Those football videos provide another, more pertinent reason. It's not at all unusual that we want to go back to watch a specific play or drive, or just some part of a game. Transferring a 3.5 hour recording takes awhile, so if that one play/drive/whatever is late in the game, we probably wouldn't bother. Which kinda defeats the purpose of keeping the videos to begin with. The same applies to many of our saved recordings.....we don't necessarily watch them beginning-to-end, but rather want to quickly pull up a scene. Transferring doesn't allow that kind of "instant" access.

I do have another option, at least in my home theater. My Oppo BD player _can _stream video from my network. But that's a more cumbersome way to do it (requires firing up the whole "system" whereas the TiVo is always on and ready to go), and it's only in that one room.

So, bottom line, I'm pursuing the streaming approach because I'd love to be able to quickly access & watch centrally-stored video on any of my TiVos, much like I can play anything from my centrally-stored music library anywhere in the house on my Sonos players. (Network music is actually a good analogy: Imagine if you had to load a complete CD onto a network music player just to listen to track 8.)


----------



## HarperVision (May 14, 2007)

I'm sorry, but I find it quite amusing that you used countless hours of recordings of NFL football as your extensive example, yet your forum handle is "b-ball-fanatic"!


----------



## b-ball-fanatic (Aug 5, 2003)

HarperVision said:


> I'm sorry, but I find it quite amusing that you used countless hours of recordings of NFL football as your extensive example, yet your forum handle is "b-ball-fanatic"!

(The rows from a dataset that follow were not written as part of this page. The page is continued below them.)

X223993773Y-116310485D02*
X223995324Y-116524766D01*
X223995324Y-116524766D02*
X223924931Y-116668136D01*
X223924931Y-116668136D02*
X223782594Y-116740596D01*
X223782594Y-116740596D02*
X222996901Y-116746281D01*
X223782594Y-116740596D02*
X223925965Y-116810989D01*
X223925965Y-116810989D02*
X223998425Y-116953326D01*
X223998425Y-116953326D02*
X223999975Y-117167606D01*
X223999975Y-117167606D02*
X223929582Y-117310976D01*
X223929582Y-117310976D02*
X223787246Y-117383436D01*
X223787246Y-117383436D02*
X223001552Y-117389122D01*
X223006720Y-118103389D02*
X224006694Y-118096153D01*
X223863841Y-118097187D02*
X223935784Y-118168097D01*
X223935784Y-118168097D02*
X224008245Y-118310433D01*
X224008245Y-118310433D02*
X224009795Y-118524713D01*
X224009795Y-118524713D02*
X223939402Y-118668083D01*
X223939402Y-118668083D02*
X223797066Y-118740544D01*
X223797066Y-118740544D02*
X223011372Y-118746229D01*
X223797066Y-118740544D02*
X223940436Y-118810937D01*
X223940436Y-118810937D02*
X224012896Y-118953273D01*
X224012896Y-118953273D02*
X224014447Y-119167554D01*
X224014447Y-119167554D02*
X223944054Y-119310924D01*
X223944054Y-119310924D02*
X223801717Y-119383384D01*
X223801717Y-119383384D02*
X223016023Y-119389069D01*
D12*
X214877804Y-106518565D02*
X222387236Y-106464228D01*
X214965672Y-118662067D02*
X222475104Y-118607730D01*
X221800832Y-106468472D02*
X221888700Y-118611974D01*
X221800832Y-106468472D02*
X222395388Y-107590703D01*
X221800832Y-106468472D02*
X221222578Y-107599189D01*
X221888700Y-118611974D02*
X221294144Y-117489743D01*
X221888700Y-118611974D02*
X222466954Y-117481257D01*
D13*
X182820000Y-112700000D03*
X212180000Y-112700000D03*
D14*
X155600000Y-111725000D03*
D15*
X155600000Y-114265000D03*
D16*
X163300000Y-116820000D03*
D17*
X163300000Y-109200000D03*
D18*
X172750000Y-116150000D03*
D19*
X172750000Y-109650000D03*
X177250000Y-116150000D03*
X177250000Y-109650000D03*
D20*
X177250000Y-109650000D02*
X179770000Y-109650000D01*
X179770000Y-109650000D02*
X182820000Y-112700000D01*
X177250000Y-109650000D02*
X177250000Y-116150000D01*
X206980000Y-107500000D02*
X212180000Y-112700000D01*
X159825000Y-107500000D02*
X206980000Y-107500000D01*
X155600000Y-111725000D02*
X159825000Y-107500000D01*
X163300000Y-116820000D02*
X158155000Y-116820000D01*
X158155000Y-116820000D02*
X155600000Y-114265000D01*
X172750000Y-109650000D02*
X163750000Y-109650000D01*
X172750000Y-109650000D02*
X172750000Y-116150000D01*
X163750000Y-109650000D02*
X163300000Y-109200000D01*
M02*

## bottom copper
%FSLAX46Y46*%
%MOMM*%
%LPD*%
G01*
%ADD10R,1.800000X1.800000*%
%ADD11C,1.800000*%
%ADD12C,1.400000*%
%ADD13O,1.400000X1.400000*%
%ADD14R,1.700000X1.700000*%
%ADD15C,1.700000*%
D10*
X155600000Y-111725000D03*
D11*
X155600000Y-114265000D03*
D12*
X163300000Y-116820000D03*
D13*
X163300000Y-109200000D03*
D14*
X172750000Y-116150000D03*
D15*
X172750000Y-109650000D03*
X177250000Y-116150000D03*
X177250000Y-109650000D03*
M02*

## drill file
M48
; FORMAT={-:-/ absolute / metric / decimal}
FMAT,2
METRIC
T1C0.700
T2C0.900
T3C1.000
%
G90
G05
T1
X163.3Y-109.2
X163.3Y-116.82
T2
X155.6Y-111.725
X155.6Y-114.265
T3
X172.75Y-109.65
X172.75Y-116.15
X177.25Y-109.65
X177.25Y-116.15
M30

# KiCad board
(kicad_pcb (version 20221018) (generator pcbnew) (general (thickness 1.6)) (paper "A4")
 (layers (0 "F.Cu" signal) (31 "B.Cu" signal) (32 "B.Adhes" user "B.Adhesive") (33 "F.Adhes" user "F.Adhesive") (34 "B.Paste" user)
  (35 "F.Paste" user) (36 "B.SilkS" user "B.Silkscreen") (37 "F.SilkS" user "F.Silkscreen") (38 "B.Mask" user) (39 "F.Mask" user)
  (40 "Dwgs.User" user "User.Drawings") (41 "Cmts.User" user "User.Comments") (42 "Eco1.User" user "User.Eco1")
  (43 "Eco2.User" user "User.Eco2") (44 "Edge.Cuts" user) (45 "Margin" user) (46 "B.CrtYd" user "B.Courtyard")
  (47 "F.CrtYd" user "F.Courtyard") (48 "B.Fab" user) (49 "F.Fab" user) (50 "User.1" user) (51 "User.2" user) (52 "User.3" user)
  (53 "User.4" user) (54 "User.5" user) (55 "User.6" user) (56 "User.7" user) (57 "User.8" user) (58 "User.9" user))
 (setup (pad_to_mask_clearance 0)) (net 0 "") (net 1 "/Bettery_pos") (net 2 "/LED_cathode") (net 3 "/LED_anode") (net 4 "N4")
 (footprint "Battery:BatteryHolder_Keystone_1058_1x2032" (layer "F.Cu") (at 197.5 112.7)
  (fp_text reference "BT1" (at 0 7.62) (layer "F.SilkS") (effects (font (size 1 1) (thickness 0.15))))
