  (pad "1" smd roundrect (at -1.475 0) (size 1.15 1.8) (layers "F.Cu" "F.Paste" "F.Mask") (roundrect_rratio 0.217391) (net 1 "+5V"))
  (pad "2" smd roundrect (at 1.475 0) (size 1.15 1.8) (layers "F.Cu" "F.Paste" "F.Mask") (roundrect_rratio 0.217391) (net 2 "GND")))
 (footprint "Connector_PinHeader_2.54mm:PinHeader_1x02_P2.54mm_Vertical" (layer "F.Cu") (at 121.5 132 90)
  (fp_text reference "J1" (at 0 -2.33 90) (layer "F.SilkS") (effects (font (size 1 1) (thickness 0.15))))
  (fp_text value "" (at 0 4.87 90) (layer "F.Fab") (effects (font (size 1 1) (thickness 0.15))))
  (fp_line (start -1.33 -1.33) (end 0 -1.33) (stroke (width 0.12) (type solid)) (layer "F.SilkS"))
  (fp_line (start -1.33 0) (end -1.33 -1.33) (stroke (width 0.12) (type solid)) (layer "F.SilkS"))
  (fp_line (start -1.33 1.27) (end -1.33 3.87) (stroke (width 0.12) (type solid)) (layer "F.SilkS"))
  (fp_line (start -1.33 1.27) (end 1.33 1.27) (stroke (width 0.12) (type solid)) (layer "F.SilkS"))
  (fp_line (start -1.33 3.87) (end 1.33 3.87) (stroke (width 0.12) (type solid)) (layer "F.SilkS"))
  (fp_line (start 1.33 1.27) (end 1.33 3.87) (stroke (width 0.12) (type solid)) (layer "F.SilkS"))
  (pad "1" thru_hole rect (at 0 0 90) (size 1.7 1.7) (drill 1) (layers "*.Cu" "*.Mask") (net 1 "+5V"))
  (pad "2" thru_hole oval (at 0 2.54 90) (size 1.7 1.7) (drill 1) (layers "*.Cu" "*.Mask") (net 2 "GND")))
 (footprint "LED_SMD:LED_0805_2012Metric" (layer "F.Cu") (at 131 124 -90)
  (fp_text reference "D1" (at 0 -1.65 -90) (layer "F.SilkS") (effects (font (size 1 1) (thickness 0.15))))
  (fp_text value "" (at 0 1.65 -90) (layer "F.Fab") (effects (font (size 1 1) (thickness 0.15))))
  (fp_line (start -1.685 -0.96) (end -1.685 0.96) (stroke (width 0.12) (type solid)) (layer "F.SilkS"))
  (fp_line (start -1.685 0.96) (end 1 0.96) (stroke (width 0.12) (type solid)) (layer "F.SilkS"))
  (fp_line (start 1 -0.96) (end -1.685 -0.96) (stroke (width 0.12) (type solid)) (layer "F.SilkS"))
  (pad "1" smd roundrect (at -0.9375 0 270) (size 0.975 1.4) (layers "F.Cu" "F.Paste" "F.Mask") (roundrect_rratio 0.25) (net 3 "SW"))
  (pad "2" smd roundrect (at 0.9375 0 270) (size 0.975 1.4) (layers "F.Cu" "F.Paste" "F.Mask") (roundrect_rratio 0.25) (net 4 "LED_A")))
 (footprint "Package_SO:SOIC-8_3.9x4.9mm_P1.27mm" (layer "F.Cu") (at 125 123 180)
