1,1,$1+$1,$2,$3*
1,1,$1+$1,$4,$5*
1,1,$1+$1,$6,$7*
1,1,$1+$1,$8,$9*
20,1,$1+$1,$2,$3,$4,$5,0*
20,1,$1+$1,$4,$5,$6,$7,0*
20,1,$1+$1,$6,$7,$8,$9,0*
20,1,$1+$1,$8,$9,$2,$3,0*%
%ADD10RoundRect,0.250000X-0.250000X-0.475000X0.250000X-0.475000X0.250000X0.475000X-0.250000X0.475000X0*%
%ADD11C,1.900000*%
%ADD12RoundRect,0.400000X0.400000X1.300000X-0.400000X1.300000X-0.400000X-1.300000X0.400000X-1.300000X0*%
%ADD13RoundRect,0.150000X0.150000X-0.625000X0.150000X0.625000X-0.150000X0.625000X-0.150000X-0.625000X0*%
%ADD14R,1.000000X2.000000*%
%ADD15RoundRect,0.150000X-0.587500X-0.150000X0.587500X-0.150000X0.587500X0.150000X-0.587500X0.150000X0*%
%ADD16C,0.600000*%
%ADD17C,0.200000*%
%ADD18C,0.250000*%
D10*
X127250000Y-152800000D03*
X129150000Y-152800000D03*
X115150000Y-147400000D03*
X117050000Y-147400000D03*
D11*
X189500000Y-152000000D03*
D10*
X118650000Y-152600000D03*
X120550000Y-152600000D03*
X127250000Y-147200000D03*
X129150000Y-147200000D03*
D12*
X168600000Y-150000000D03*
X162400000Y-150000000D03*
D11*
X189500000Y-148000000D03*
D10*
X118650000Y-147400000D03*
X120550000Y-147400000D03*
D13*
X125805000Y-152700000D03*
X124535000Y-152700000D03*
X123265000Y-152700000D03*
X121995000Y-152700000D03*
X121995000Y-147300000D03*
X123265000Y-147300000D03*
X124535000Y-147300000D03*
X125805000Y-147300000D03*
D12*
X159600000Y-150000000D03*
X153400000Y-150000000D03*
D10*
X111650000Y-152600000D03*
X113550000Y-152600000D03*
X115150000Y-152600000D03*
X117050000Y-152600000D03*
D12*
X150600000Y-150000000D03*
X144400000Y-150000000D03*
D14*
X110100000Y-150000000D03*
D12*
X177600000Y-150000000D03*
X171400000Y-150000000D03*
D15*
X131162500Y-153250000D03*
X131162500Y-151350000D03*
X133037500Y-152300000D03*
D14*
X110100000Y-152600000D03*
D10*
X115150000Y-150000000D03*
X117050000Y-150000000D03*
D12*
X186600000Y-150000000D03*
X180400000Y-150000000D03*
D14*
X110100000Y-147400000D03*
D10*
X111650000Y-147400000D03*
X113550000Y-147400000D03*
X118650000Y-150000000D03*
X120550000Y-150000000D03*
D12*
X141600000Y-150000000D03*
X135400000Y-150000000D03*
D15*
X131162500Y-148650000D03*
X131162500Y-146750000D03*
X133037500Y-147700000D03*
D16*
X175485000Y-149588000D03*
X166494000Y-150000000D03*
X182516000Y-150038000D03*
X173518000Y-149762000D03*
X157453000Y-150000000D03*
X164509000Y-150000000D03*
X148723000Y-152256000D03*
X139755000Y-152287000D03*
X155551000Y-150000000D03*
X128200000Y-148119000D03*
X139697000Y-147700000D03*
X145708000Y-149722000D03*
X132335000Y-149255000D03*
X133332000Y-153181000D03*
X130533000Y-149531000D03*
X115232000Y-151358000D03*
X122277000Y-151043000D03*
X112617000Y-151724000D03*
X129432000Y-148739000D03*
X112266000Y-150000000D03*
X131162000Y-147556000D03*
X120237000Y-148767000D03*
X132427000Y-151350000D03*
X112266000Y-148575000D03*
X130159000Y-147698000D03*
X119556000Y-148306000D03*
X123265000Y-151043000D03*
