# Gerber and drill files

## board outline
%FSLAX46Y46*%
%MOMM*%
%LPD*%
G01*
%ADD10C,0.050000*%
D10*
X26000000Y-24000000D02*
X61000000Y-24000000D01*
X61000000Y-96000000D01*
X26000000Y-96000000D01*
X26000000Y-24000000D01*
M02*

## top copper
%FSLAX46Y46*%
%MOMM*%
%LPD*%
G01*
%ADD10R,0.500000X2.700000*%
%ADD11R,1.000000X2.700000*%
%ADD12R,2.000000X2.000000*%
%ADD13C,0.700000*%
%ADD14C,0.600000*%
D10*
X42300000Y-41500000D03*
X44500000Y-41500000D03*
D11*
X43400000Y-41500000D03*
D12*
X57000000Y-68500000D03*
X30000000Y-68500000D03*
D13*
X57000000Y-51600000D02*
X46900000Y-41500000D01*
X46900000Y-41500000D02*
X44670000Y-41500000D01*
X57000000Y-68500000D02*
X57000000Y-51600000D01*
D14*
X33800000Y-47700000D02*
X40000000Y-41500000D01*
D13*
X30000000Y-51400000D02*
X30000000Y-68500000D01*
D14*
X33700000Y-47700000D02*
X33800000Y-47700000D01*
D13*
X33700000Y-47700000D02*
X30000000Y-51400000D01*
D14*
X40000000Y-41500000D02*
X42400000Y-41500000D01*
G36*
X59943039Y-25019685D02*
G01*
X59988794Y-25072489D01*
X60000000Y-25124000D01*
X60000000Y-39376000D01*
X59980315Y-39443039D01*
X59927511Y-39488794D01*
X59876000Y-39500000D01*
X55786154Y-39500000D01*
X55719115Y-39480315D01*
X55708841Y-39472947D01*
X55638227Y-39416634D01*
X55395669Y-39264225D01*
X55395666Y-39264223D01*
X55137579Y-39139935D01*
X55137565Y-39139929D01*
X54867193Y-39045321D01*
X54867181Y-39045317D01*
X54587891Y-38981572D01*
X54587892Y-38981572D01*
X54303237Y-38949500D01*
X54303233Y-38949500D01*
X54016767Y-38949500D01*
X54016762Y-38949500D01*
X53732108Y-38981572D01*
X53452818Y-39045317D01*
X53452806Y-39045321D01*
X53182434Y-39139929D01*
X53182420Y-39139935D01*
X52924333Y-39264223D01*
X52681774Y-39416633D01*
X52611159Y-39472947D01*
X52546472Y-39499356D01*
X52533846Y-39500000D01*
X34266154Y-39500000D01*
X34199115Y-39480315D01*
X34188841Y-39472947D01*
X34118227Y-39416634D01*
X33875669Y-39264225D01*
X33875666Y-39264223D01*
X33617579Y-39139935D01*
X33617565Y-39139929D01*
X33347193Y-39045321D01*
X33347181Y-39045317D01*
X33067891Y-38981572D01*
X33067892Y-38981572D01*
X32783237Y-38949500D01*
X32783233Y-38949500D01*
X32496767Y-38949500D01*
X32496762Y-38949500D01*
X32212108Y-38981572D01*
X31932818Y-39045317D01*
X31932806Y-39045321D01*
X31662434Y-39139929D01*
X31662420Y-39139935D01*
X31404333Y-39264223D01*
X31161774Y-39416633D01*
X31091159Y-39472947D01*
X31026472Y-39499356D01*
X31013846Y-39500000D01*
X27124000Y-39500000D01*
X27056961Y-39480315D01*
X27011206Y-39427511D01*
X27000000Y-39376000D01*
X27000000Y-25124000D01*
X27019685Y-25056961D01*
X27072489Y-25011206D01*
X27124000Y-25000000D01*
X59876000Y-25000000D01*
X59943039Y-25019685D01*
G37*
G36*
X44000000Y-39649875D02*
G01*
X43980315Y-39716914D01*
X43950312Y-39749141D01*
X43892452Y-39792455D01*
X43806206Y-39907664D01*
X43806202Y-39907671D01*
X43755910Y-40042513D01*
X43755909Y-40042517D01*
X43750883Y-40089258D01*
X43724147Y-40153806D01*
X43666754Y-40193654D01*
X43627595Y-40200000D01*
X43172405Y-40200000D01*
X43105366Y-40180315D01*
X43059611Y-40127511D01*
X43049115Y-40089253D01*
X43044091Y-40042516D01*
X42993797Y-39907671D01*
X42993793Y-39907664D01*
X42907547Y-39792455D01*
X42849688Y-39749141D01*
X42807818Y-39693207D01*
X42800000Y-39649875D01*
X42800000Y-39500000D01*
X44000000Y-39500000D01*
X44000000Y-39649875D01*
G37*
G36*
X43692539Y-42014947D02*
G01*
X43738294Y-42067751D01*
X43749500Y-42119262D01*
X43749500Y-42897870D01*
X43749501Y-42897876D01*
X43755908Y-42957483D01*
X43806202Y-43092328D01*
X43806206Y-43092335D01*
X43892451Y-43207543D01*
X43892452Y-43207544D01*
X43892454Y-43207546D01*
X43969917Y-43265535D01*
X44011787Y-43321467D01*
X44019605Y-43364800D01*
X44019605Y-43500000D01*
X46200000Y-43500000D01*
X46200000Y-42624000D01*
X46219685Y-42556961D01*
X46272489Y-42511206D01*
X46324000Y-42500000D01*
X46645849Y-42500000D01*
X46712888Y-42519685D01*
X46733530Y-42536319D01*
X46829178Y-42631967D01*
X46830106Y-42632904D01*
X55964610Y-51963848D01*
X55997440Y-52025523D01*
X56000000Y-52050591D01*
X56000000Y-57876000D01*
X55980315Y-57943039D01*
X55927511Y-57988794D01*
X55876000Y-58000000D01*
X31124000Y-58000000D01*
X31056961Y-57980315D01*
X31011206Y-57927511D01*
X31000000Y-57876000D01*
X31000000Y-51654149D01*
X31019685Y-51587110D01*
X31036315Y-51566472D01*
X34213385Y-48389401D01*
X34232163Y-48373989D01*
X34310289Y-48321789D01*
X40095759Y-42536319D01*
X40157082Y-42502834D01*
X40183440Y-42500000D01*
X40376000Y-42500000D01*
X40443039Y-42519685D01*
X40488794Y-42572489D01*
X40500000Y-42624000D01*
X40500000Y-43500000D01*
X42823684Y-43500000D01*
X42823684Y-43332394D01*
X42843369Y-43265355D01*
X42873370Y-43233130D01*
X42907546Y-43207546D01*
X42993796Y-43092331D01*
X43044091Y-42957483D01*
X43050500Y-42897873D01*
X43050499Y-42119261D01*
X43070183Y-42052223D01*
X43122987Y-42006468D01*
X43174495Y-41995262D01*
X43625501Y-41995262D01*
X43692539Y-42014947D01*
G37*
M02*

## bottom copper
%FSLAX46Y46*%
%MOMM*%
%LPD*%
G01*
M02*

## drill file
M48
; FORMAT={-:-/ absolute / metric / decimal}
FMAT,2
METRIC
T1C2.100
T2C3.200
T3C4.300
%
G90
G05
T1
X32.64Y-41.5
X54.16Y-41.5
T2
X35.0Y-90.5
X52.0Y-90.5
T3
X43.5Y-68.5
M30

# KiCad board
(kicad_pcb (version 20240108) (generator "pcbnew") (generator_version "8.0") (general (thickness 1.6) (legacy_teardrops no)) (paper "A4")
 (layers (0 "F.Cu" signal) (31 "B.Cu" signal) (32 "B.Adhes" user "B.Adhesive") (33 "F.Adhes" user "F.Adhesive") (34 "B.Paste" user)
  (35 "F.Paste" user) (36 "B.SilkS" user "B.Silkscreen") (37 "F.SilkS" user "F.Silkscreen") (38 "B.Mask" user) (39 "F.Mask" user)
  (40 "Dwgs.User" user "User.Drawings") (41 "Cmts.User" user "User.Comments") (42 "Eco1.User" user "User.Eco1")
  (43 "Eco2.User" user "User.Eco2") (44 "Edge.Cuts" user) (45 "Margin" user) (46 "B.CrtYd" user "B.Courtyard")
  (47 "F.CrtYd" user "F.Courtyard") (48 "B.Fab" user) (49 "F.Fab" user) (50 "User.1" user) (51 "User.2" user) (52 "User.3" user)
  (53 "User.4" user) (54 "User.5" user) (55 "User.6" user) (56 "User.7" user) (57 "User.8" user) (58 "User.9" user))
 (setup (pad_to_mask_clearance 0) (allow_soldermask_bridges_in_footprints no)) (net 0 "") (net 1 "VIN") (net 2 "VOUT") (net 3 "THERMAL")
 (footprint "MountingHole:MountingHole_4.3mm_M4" (layer "F.Cu") (at 43.5 68.5)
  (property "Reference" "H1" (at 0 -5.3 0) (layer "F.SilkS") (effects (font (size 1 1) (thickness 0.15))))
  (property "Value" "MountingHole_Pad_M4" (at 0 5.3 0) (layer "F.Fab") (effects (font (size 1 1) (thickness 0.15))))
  (pad "" np_thru_hole circle (at 0 0) (size 4.3 4.3) (drill 4.3) (layers "*.Cu" "*.Mask")))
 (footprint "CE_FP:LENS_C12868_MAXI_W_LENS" (layer "F.Cu") (at 43.4 41.5)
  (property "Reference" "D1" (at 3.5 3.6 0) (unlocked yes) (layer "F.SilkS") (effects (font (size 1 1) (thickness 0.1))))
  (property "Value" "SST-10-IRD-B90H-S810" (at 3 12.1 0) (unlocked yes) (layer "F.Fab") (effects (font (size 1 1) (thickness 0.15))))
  (pad "" np_thru_hole circle (at -10.76 0) (size 2.1 2.1) (drill 2.1) (layers "F&B.Cu" "*.Mask") (clearance 1.5))
  (pad "" np_thru_hole circle (at 10.76 0) (size 2.1 2.1) (drill 2.1) (layers "F&B.Cu" "*.Mask") (clearance 1.5))
  (pad "A" smd rect (at -1.1 0 180) (size 0.5 2.7) (layers "F.Cu" "F.Paste" "F.Mask") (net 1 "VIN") (solder_mask_margin 0.102))
  (pad "C" smd rect (at 1.1 0 180) (size 0.5 2.7) (layers "F.Cu" "F.Paste" "F.Mask") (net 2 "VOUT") (solder_mask_margin 0.102))
  (pad "S" smd rect (at 0 0 180) (size 1 2.7) (layers "F.Cu" "F.Mask") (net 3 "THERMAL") (solder_mask_margin 0.102)))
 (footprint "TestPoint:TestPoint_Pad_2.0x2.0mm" (layer "F.Cu") (at 57 68.5)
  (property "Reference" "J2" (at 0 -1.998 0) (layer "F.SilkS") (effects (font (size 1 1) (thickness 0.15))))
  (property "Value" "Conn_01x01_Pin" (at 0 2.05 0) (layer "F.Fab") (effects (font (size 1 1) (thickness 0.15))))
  (pad "1" smd rect (at 0 0) (size 2 2) (layers "F.Cu" "F.Mask") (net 2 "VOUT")))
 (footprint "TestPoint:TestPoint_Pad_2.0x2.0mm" (layer "F.Cu") (at 30 68.5)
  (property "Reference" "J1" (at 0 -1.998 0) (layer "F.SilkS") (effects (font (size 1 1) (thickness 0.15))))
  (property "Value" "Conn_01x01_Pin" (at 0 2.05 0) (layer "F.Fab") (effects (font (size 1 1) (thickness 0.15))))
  (pad "1" smd rect (at 0 0) (size 2 2) (layers "F.Cu" "F.Mask") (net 1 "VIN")))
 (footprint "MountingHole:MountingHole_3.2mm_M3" (layer "F.Cu") (at 35 90.5)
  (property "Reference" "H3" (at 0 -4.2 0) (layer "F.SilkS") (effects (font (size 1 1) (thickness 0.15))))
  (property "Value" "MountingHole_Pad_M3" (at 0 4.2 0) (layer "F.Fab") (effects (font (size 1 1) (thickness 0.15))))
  (pad "" np_thru_hole circle (at 0 0) (size 3.2 3.2) (drill 3.2) (layers "*.Cu" "*.Mask")))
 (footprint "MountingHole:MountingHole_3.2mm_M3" (layer "F.Cu") (at 52 90.5)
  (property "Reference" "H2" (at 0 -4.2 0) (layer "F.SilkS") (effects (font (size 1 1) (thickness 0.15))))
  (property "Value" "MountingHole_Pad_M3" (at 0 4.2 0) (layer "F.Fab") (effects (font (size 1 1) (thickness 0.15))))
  (pad "" np_thru_hole circle (at 0 0) (size 3.2 3.2) (drill 3.2) (layers "*.Cu" "*.Mask")))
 (gr_rect (start 26 24) (end 61 96) (stroke (width 0.05) (type default)) (fill none) (layer "Edge.Cuts"))
 (segment (start 57 51.6) (end 46.9 41.5) (width 0.7) (layer "F.Cu") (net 2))
 (segment (start 46.9 41.5) (end 44.67 41.5) (width 0.7) (layer "F.Cu") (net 2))
 (segment (start 57 68.5) (end 57 51.6) (width 0.7) (layer "F.Cu") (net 2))
 (segment (start 33.8 47.7) (end 40 41.5) (width 0.6) (layer "F.Cu") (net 1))
 (segment (start 30 51.4) (end 30 68.5) (width 0.7) (layer "F.Cu") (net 1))
 (segment (start 33.7 47.7) (end 33.8 47.7) (width 0.6) (layer "F.Cu") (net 1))
 (segment (start 33.7 47.7) (end 30 51.4) (width 0.7) (layer "F.Cu") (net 1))
 (segment (start 40 41.5) (end 42.4 41.5) (width 0.6) (layer "F.Cu") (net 1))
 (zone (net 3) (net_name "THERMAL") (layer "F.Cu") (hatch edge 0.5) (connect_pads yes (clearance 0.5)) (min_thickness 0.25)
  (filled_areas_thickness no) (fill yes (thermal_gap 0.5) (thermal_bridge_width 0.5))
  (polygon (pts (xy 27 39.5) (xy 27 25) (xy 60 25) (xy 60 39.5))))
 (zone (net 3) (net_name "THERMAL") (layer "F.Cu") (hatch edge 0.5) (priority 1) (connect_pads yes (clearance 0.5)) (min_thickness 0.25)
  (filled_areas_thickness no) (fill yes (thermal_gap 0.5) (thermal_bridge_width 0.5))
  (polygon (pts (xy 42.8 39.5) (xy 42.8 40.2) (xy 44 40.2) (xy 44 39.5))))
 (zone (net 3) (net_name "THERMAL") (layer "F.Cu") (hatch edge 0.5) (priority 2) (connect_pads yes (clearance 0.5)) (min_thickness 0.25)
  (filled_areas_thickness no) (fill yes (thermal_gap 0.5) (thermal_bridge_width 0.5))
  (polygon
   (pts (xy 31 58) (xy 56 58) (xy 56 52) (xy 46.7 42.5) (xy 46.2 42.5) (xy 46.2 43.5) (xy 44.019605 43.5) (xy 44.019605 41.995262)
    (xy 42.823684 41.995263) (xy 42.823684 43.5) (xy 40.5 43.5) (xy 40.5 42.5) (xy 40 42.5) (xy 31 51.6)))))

Haha...great observation! 

I actually DO record baseball games if I'm not around to watch, but I don't save them. Baseball games get "stale" a lot faster than football games.


----------



## lrhorer (Aug 31, 2003)

Hmm. Until you clarified it, I thought you were a basketball fanatic.


----------



## lrhorer (Aug 31, 2003)

b-ball-fanatic said:


> Stored elsewhere, I could organize them better _and _clear up a lot of TiVo space.


Organization is without question more readily handled off-TiVo, but other than reducing clutter, there is really no reason to free up space on a TiVo. The TiVo handles that by itself extremely well without the user having to worry about it. My TiVos (all five of them) are 100% full virtually all the time.



b-ball-fanatic said:


> The same applies to many of our saved recordings.....we don't necessarily watch them beginning-to-end, but rather want to quickly pull up a scene. Transferring doesn't allow that kind of "instant" access.


True enough, and to my eye this is essentially really the only significant advantage of streaming over copying. For me, it's not a big deal, and the limitations of streaming on the platform have abrogated my interest in the feature. I can understand how others might find it more essential.

One possible work-around would be to increase your TiVo's storage to the point where keeping a modest number of programs in perpetuity causes you no grief. Admittedly, it's not the most wonderful method to that particular end as far as the goal itself is concerned, but doing so provides many, many other benefits. Certainly on the TiVos I own, 60 HD hours is not a very significant fraction of the total storage capability, or indeed of the amount of video stored on any one of them. If I had a compelling reason to want to have immediate trick-play access to 100 or so hours of my archived recordings, I would simply copy them all from the server and set them to KUID. I admit from a technical standpoint it is a little clumsy, but from the user standpoint, it's perfectly serviceable.


----------



## lrhorer (Aug 31, 2003)

b-ball-fanatic said:


> Stored elsewhere, I could organize them better _and _clear up a lot of TiVo space.


Organization is without question more readily handled off-TiVo, but other than reducing clutter, there is really no reason to free up space on a TiVo. The TiVo handles that by itself extremely well without the user having o worry about it.



b-ball-fanatic said:


> The same applies to many of our saved recordings.....we don't necessarily watch them beginning-to-end, but rather want to quickly pull up a scene. Transferring doesn't allow that kind of "instant" access.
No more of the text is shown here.